Retaining the Steps of your Knowledge Acquisition
Now that we guess what our learners don’t know, how can we know what piece of information we might omit for the good understanding of our beloved colleagues? After all, it’s difficult to explain something you abstracted away in your long term memory. You need to retrieve it yourself first.
There are different ways to capture each step of your learning process on an external medium, in a layered fashion. Then, when you fall into the trap of the expert blind spot while teaching, you can come back to these resources to see what you might have forgotten to explain.
What are these resources? How to create them?
Mapping your Schemata
I love creating mindmaps of books or articles I read. You can capture the layers of your knowledge in there. You can hide some of these layers to see the root of the knowledge, and expend the branches to see the different level of abstractions.
In short, mind maps allow you to apply, in a very visual way, the principle of chunking we saw at the beginning of this article. It can, more or less, represent the schemata in your long term memory.
It means that you need to mindmap the sources of knowledge which are explaining well and thoroughly the concepts they teach. You need to know as well what prior knowledge you need in order to understand the material.
Then, when your learners look at you as you were an alien speaking Goa’uld, you can come back to your mind maps to see what piece of information they don’t know and you’ve forgotten to explain. Even if the answer is not in the mindmap but in your prior knowledge, only going through it can trigger what you forgot to explain.
Additionally, mindmaps are a fantastic way to store knowledge in your long term memory by actively going through them on a regular basis, using spaced repetitions. They will help you to go through the Expert Path™.

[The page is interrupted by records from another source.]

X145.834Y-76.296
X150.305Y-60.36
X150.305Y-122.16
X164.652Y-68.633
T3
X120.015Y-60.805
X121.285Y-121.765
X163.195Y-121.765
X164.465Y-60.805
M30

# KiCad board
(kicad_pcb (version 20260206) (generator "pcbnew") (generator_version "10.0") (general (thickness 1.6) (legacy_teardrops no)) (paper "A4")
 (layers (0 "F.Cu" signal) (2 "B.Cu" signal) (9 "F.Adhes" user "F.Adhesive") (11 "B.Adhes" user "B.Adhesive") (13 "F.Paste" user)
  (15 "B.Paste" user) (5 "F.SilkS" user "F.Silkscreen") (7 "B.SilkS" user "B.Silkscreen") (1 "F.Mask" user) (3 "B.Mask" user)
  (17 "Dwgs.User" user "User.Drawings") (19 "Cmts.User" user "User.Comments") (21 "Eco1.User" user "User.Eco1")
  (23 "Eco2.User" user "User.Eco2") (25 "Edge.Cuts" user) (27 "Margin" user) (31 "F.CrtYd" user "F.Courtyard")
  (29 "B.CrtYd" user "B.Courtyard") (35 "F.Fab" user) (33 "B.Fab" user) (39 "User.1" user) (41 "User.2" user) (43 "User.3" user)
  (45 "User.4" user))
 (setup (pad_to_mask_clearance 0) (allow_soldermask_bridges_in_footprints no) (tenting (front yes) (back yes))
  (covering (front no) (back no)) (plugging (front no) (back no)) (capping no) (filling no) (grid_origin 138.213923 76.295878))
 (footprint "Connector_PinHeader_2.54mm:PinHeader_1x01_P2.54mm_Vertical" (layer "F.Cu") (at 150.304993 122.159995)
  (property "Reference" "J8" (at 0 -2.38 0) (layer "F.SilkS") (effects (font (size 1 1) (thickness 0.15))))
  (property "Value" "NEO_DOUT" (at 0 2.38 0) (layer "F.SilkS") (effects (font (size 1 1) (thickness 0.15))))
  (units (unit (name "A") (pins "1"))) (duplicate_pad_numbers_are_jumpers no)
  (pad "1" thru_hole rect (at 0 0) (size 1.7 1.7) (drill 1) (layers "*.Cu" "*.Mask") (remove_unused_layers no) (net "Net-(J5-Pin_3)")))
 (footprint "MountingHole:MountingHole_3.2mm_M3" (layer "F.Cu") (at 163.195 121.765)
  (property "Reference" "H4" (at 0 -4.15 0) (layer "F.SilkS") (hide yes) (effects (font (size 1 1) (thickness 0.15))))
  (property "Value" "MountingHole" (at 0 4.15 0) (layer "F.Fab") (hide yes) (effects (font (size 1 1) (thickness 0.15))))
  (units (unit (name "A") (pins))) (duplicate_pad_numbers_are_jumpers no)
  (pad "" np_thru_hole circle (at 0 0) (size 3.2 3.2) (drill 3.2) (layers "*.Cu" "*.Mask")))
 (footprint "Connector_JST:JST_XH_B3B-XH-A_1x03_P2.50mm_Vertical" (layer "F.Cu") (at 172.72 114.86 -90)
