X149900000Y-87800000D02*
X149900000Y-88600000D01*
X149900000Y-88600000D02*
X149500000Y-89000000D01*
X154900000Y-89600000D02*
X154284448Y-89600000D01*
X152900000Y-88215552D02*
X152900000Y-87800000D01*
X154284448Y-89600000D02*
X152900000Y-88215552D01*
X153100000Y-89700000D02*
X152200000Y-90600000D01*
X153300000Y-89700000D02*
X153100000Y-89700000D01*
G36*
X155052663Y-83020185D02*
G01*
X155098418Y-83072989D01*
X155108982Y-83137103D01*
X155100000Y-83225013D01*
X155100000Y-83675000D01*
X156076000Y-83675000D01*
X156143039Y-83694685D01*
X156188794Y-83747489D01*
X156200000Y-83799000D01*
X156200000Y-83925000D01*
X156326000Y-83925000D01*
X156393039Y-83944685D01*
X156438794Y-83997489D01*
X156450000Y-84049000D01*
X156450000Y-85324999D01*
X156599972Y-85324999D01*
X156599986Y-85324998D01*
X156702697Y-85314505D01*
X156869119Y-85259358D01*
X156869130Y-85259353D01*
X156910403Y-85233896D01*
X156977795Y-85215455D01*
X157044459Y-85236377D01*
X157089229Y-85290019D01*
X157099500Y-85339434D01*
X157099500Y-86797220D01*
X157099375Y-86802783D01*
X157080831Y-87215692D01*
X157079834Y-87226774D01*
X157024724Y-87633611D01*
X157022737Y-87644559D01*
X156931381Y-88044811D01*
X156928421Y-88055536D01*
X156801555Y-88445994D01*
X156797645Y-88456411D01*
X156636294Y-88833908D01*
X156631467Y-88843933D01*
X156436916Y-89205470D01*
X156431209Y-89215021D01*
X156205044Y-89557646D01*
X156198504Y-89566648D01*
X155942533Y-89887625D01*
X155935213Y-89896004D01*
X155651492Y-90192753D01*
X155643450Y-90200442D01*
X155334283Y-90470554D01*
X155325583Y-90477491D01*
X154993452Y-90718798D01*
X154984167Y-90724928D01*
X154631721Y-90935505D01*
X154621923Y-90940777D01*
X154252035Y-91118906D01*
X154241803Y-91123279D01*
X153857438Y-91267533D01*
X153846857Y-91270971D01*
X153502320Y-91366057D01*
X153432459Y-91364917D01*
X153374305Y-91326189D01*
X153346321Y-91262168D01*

Writing a Development Journal
I keep a journal where I write the bugs I encounter and how I solved them, the traps and inconsistencies programming languages throw to our wonderful faces, and other joyful details I want to log.
When a beginner encounter difficulties to understand my explanations how to solve a difficult bug or tasks, I can search in my journal using tags and search queries to understand what was my thinking process at the time.
Then, I can try to remember the prior knowledge required to explain it to my learners, if they don’t know it already. Similarly, using mindmaps can help remember how I was thinking at the time, what difficulties I had, and how I solved them.
Writing a Blog
A big benefit of writing a blog is the appropriation (or reinforcement) of knowledge. Again, going through my blog can help me to remember what was the state of my knowledge at the time I wrote a precise article, and what I read to acquire this knowledge.
Then, I can have a mental model about what to explain to the learner, and have all the details I need in order to avoid the expert blind spot.
Thriving to be a Good Mentor
It’s time to summarize. What did we see in this article?
- The working memory, used to understand, learn, and perform, is limited.
- Experts need to abstract their knowledge (“chunking”) and brush away the details. The goal: save some space in the working memory to learn new concepts, or to take action.
- The expert blind spot is the set of all the details experts can’t recall easily.
- It’s not because experts abstracted the details of their knowledge that they can’t retrieve it to perform a given task. It’s a more automatic (or intuitive) way of using knowledge.
- When experts teach to beginners, they might not be able to explain these abstracted details.
- Informal communications and friendly relationships can give precious information about what a learner doesn’t know. It will help the teacher not falling into the expert blind spot.
- Writing or representing the steps and layers of our knowledge (via mindmaps, blogs, or journals for example) can remind us the details we might have chunked.
There is no magical recipes: avoiding the expert blind spot is ultimately a personal quest. In short: we should try, experiment, learn, and practice!